Investigator alleges misconduct in armed Nevada standoff

December 15, 2017

FILE - In this Nov. 30, 2017, file photo, Ryan Bundy, eldest son of Nevada rancher and states' rights figure Cliven Bundy, talks to a reporter outside the U.S. District Courthouse in Las Vegas. A lead investigator looking into how the U.S. Bureau of Land Management handled an armed standoff with the Bundy family and supporters in Nevada is alleging misconduct in an 18-page memo that has surfaced during a trial on federal charges. (AP Photo/Ken Ritter, File)

PORTLAND, Ore. (AP) — A lead investigator with the U.S. Bureau of Land Management who looked into how his agency handled an armed standoff with ranchers in Nevada is alleging misconduct in a whistleblower memo, a newspaper that obtained the document reported Friday.

The memo obtained by The Oregonian/OregonLive prompted the attorney for lead defendant Cliven Bundy to file a motion to dismiss the case.

It also comes as U.S. District Judge Gloria M. Navarro debates what to do about defense team assertions that federal prosecutors have not turned over complete evidence records about the conduct of FBI and other government agents during the standoff. She has dismissed the jury for a week — until Wednesday — while she considers the issue.

Bundy and sons Ammon and Ryan Bundy and Ryan Payne are accused of conspiring to block federal agents from enforcing court orders to confiscate family cattle on public land. Cliven Bundy had failed to pay grazing fees and fines for years. The men are also charged with firearms crimes, threatening a federal law enforcement officer, obstruction of justice and extortion in a trial that began last month in U.S. District Court in Las Vegas.

Larry Wooten, lead case agent and investigator for the U.S. Bureau of Land Management, also testified before a federal grand jury that returned indictments against the Bundys for the standoff at Cliven Bundy’s ranch in Bunkerville, Nevada.

He said he was removed from the investigation last February after he complained to the U.S. Attorney’s Office in Nevada.
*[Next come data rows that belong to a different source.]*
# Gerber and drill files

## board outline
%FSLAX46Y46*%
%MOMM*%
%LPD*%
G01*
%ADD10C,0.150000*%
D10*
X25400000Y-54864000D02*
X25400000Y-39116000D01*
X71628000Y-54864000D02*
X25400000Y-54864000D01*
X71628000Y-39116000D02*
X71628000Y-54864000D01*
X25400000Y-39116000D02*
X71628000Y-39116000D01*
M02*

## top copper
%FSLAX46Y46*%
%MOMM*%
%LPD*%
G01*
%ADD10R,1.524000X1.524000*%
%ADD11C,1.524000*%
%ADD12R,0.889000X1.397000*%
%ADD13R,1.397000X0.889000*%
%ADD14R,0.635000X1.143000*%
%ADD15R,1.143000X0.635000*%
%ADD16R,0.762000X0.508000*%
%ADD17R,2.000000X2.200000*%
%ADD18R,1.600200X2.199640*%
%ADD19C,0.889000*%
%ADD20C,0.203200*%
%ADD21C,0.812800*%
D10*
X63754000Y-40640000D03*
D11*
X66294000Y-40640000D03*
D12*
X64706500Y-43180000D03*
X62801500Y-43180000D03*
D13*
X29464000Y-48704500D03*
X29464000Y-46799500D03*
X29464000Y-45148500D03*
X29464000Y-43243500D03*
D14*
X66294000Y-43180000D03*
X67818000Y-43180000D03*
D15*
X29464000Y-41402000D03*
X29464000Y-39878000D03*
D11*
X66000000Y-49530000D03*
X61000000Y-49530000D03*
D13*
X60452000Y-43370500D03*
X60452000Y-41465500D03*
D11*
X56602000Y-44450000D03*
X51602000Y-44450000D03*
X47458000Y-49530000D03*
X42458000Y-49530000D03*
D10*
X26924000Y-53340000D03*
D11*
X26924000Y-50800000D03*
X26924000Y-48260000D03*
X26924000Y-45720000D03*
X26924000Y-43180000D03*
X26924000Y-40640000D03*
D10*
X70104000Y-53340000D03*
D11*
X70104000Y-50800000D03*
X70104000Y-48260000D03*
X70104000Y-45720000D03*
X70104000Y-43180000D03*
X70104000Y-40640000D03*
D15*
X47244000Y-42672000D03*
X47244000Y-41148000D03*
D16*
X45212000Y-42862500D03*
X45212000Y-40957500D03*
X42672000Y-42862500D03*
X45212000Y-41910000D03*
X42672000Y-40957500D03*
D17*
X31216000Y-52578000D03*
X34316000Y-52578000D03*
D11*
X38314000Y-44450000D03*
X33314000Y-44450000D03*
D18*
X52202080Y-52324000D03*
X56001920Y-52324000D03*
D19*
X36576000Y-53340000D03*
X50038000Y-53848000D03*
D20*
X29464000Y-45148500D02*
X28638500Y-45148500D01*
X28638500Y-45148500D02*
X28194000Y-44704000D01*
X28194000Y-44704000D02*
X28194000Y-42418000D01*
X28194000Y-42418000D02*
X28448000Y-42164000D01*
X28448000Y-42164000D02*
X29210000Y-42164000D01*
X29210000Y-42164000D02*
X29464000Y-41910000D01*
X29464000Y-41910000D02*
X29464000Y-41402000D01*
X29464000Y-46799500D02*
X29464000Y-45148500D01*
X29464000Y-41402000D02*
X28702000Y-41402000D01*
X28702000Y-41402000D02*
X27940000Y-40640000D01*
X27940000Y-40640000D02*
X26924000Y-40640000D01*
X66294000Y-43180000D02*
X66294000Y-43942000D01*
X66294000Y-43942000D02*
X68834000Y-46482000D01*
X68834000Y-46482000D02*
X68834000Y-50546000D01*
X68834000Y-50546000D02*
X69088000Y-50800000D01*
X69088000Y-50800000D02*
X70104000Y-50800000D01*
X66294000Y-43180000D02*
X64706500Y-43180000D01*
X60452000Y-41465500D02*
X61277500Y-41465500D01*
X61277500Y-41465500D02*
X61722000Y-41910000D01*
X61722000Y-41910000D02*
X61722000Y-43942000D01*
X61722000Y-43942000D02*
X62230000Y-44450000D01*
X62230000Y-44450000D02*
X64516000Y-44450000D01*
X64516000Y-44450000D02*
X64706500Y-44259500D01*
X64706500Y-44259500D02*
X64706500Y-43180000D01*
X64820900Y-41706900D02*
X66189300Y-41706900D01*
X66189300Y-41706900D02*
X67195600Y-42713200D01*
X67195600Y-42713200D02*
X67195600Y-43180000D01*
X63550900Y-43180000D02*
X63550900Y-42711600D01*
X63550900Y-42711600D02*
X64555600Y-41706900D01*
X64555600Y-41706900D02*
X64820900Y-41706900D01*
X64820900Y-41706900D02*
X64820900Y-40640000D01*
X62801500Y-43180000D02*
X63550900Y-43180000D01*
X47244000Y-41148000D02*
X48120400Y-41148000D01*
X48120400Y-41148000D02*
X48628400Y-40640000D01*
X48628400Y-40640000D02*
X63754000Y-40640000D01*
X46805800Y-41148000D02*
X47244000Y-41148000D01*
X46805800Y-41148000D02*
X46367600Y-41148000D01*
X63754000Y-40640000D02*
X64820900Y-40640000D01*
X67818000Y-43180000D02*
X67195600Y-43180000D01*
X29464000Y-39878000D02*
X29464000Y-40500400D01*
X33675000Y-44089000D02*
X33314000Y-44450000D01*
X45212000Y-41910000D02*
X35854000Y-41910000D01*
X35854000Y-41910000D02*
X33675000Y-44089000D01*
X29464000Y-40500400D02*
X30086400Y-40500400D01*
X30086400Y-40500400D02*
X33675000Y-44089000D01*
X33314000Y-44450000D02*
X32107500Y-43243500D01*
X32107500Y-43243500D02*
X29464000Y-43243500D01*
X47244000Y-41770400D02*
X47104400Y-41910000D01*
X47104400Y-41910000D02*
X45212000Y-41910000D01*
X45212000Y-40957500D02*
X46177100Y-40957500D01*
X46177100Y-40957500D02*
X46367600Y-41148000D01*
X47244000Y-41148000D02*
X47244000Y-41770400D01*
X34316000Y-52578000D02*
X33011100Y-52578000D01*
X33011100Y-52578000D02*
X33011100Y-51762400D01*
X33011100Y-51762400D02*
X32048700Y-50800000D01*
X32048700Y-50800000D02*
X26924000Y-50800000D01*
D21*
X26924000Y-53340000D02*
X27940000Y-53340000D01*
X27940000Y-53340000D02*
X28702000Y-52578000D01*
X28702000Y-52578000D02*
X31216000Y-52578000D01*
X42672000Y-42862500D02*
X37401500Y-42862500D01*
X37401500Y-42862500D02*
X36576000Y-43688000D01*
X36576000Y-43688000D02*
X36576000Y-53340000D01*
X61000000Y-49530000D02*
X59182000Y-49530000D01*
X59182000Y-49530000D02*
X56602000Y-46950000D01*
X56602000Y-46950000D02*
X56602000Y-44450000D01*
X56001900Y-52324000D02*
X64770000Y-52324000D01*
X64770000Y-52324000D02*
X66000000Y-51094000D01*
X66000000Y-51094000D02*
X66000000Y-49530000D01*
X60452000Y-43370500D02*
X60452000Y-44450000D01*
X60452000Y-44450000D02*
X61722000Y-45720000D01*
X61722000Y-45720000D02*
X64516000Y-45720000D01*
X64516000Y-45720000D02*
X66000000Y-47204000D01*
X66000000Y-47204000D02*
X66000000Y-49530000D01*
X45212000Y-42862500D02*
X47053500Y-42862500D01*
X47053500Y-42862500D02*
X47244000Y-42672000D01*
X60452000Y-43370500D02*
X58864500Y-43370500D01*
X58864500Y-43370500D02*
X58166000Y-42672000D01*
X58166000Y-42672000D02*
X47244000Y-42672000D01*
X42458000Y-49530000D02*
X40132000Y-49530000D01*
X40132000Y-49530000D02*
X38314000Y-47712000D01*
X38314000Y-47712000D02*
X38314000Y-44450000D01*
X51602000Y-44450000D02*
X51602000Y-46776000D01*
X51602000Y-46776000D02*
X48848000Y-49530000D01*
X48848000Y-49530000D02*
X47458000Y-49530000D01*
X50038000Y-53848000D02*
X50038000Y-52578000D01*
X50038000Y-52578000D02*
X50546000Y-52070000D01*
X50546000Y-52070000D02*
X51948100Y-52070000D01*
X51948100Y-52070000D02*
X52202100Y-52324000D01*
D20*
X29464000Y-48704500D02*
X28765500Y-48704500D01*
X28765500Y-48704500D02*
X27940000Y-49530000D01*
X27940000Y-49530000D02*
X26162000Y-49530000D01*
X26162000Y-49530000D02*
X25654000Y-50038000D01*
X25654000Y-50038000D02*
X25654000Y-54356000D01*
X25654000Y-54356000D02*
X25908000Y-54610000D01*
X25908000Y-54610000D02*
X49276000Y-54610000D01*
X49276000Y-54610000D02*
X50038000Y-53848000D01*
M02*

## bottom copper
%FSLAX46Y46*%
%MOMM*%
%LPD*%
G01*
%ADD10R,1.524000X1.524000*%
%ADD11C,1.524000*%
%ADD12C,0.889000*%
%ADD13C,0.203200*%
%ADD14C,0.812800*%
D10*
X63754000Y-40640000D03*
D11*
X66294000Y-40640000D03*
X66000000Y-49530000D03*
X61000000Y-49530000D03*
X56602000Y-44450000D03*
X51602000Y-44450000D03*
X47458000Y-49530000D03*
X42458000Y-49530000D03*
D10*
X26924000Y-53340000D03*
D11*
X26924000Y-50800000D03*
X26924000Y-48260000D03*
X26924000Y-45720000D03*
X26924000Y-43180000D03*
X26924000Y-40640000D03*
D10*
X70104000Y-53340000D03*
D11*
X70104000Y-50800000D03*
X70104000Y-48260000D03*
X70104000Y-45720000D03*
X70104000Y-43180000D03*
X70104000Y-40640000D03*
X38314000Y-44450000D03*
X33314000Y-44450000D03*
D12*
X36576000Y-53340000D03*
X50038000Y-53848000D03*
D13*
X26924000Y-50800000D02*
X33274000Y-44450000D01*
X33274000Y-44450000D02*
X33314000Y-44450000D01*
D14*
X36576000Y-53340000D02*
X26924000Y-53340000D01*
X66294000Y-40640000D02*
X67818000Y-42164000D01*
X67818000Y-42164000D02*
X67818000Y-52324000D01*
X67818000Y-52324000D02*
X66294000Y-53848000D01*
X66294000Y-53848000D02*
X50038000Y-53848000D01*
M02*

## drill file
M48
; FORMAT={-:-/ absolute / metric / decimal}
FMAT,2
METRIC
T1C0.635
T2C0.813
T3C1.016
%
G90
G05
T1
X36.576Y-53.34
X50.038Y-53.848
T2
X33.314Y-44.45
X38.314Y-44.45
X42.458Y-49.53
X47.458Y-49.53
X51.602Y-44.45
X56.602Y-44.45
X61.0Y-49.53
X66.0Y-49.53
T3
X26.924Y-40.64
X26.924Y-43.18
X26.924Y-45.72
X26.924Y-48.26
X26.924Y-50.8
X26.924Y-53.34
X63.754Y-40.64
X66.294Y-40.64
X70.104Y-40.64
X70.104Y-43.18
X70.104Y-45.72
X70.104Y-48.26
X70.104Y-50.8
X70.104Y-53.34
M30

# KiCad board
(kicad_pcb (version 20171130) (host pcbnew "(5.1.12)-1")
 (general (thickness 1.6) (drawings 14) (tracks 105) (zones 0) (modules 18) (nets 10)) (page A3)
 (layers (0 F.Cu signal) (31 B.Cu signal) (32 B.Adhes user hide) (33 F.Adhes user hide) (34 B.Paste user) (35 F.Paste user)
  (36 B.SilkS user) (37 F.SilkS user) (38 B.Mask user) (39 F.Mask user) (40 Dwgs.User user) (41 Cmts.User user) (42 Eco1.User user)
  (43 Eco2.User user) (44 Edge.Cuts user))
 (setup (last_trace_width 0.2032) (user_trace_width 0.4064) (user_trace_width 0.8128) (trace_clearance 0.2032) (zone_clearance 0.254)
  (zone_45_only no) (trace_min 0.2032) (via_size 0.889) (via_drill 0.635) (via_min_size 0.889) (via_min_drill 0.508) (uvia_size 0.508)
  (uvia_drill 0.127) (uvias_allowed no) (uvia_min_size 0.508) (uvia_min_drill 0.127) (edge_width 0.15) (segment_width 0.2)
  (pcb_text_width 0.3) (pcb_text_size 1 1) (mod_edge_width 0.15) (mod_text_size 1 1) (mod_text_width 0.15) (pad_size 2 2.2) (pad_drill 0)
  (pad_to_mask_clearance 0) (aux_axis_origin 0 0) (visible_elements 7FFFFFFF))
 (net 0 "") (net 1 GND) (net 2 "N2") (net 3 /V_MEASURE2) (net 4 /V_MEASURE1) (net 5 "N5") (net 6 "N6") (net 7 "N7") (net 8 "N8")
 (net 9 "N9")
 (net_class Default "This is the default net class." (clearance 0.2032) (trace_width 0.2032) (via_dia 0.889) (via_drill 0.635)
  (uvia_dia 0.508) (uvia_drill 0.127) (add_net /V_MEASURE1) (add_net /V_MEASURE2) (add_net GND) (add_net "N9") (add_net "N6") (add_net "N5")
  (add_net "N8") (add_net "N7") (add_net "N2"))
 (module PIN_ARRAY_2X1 (layer F.Cu) (at 65.024 40.64)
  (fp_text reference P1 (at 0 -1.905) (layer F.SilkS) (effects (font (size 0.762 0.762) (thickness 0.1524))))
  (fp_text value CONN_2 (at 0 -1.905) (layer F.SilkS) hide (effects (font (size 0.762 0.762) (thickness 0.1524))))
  (pad 1 thru_hole rect (at -1.27 0) (size 1.524 1.524) (drill 1.016) (layers *.Cu *.Mask F.SilkS) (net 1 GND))
  (pad 2 thru_hole circle (at 1.27 0) (size 1.524 1.524) (drill 1.016) (layers *.Cu *.Mask F.SilkS) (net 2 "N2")))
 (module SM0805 (layer F.Cu) (at 63.754 43.18 180)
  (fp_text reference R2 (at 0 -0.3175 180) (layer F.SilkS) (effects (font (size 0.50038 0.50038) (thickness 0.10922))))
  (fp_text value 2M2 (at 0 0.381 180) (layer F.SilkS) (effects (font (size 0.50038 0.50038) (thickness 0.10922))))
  (pad 1 smd rect (at -0.9525 0 180) (size 0.889 1.397) (layers F.Cu F.Paste F.Mask) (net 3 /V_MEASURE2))
  (pad 2 smd rect (at 0.9525 0 180) (size 0.889 1.397) (layers F.Cu F.Paste F.Mask) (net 1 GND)))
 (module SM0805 (layer F.Cu) (at 29.464 47.752 90)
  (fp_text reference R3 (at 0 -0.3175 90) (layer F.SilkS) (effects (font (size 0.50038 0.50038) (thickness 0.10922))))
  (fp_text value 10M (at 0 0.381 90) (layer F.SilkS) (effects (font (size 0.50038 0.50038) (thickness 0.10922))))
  (pad 1 smd rect (at -0.9525 0 90) (size 0.889 1.397) (layers F.Cu F.Paste F.Mask) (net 2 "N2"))
  (pad 2 smd rect (at 0.9525 0 90) (size 0.889 1.397) (layers F.Cu F.Paste F.Mask) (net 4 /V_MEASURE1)))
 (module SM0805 (layer F.Cu) (at 29.464 44.196 90)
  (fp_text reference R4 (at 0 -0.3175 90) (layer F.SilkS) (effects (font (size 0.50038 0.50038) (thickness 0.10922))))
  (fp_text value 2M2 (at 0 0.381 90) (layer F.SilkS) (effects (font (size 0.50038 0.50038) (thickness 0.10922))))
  (pad 1 smd rect (at -0.9525 0 90) (size 0.889 1.397) (layers F.Cu F.Paste F.Mask) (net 4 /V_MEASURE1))
  (pad 2 smd rect (at 0.9525 0 90) (size 0.889 1.397) (layers F.Cu F.Paste F.Mask) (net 1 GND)))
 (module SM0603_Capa (layer F.Cu) (at 67.056 43.18)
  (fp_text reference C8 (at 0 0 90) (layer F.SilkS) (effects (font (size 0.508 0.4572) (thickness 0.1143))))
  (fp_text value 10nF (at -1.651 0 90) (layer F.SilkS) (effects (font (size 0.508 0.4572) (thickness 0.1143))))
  (pad 1 smd rect (at -0.762 0) (size 0.635 1.143) (layers F.Cu F.Paste F.Mask) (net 3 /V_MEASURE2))
  (pad 2 smd rect (at 0.762 0) (size 0.635 1.143) (layers F.Cu F.Paste F.Mask) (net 1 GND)))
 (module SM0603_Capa (layer F.Cu) (at 29.464 40.64 90)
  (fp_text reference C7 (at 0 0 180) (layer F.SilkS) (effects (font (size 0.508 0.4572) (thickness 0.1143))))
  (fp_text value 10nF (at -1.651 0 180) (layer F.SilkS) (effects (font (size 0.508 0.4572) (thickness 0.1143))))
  (pad 1 smd rect (at -0.762 0 90) (size 0.635 1.143) (layers F.Cu F.Paste F.Mask) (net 4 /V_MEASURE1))
  (pad 2 smd rect (at 0.762 0 90) (size 0.635 1.143) (layers F.Cu F.Paste F.Mask) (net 1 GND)))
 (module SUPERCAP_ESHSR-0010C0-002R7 (layer F.Cu) (at 63.5 49.53 180)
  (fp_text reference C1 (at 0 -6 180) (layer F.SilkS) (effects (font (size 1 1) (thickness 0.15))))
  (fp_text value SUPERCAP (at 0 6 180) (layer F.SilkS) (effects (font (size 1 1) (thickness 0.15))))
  (pad 1 thru_hole circle (at -2.5 0 180) (size 1.524 1.524) (drill 0.8128) (layers *.Cu *.Mask F.SilkS) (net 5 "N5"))
  (pad 2 thru_hole circle (at 2.5 0 180) (size 1.524 1.524) (drill 0.8128) (layers *.Cu *.Mask F.SilkS) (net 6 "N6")))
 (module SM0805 (layer F.Cu) (at 60.452 42.418 90)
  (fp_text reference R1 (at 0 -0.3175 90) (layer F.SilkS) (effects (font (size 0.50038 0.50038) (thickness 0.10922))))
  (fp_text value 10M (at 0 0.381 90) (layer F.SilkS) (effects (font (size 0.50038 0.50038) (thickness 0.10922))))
Last month, he sent a whistleblower email to the U.S. Department of Justice, alleging a “widespread pattern of bad judgment, lack of discipline, incredible bias, unprofessionalism and misconduct, as well as likely policy, ethical and legal violations among senior and supervisory staff” at the Bureau of Land Management’s Office of Law Enforcement and Security.

Wooten wrote that supervisory agents repeatedly mocked the defendants; displayed “clear prejudice” against the Bundys, their supporters and Mormons; and displayed altered booking photos of Cliven Bundy and other defendants in a federal office and in an office presentation.

The memo described “heavy handedness” by government officers as they prepared to impound Cliven Bundy’s cattle.

He said some officers “bragged about roughing up Dave Bundy, grinding his face into the ground and Dave Bundy having little bits of gravel stuck in his face.”

Dave Bundy, one of Cliven Bundy’s sons, was arrested April 6, 2014, while videotaping men he suspected were federal agents near his father’s ranch.

Wooten also alleged that supervisory agents failed to turn over required discovery evidence to the prosecution team that could help the defense or be used to question the credibility of a witness, as required by law.

Cliven Bundy’s lawyer Bret O. Whipple said the new information was “quite a development.” The memo has not been filed with the court but was shared with the defense.

“In my mind, I think the case should be dismissed by next Tuesday,” he told The Oregonian/OregonLive.“I think I can get my client home for Christmas.”

Trisha Young, a spokeswoman for the Nevada U.S. Attorney’s Office, told the newspaper Friday that her office declined to comment.

They’re also accused of using or carrying a firearm in a crime of violence, threatening a federal law enforcement officer, obstruction of justice and extortion.

Their trial began Nov. 14 in Las Vegas.